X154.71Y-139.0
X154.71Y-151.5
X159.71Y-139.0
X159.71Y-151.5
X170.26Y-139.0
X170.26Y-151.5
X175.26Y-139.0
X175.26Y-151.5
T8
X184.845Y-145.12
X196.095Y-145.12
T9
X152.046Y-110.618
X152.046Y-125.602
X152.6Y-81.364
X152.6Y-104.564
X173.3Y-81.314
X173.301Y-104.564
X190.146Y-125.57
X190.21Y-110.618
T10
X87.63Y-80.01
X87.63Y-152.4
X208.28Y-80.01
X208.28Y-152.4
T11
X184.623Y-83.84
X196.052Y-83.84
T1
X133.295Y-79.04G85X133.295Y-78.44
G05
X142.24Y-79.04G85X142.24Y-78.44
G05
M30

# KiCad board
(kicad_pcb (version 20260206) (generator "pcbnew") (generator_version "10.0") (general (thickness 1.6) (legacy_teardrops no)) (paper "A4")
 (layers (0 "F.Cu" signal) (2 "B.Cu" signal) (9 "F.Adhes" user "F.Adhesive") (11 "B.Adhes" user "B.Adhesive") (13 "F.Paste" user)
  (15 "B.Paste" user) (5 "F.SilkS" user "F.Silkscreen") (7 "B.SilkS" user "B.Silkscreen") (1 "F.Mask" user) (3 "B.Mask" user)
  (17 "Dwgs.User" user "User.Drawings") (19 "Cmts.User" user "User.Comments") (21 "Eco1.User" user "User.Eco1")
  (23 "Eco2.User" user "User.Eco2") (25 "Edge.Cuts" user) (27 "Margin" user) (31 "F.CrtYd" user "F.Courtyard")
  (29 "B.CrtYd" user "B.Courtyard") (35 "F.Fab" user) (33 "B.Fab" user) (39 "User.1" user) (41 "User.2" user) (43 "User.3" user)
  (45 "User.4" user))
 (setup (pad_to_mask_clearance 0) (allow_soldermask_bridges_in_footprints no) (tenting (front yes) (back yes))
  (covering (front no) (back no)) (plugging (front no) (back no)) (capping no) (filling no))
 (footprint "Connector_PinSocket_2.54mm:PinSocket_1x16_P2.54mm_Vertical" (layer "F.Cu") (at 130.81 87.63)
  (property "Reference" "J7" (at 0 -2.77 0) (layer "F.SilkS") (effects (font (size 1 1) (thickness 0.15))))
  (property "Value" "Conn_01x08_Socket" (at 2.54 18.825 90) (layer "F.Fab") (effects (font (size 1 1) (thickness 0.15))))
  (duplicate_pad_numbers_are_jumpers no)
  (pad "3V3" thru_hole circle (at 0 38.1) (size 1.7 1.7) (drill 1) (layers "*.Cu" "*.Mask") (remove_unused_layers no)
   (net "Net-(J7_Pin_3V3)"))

- WHAT IS REQUIRED -
Go through the entries above and write each one out exactly.

- OUTPUT FOR THIS TASK -
X154.71Y-139.0
X154.71Y-151.5
X159.71Y-139.0
X159.71Y-151.5
X170.26Y-139.0
X170.26Y-151.5
X175.26Y-139.0
X175.26Y-151.5
T8
X184.845Y-145.12
X196.095Y-145.12
T9
X152.046Y-110.618
X152.046Y-125.602
X152.6Y-81.364
X152.6Y-104.564
X173.3Y-81.314
X173.301Y-104.564
X190.146Y-125.57
X190.21Y-110.618
T10
X87.63Y-80.01
X87.63Y-152.4
X208.28Y-80.01
X208.28Y-152.4
T11
X184.623Y-83.84
X196.052Y-83.84
T1
X133.295Y-79.04G85X133.295Y-78.44
G05
X142.24Y-79.04G85X142.24Y-78.44
G05
M30

# KiCad board
(kicad_pcb (version 20260206) (generator "pcbnew") (generator_version "10.0") (general (thickness 1.6) (legacy_teardrops no)) (paper "A4")
 (layers (0 "F.Cu" signal) (2 "B.Cu" signal) (9 "F.Adhes" user "F.Adhesive") (11 "B.Adhes" user "B.Adhesive") (13 "F.Paste" user)
  (15 "B.Paste" user) (5 "F.SilkS" user "F.Silkscreen") (7 "B.SilkS" user "B.Silkscreen") (1 "F.Mask" user) (3 "B.Mask" user)
  (17 "Dwgs.User" user "User.Drawings") (19 "Cmts.User" user "User.Comments") (21 "Eco1.User" user "User.Eco1")
  (23 "Eco2.User" user "User.Eco2") (25 "Edge.Cuts" user) (27 "Margin" user) (31 "F.CrtYd" user "F.Courtyard")
  (29 "B.CrtYd" user "B.Courtyard") (35 "F.Fab" user) (33 "B.Fab" user) (39 "User.1" user) (41 "User.2" user) (43 "User.3" user)
  (45 "User.4" user))
 (setup (pad_to_mask_clearance 0) (allow_soldermask_bridges_in_footprints no) (tenting (front yes) (back yes))
  (covering (front no) (back no)) (plugging (front no) (back no)) (capping no) (filling no))
 (footprint "Connector_PinSocket_2.54mm:PinSocket_1x16_P2.54mm_Vertical" (layer "F.Cu") (at 130.81 87.63)
  (property "Reference" "J7" (at 0 -2.77 0) (layer "F.SilkS") (effects (font (size 1 1) (thickness 0.15))))
  (property "Value" "Conn_01x08_Socket" (at 2.54 18.825 90) (layer "F.Fab") (effects (font (size 1 1) (thickness 0.15))))
  (duplicate_pad_numbers_are_jumpers no)
  (pad "3V3" thru_hole circle (at 0 38.1) (size 1.7 1.7) (drill 1) (layers "*.Cu" "*.Mask") (remove_unused_layers no)
   (net "Net-(J7_Pin_3V3)"))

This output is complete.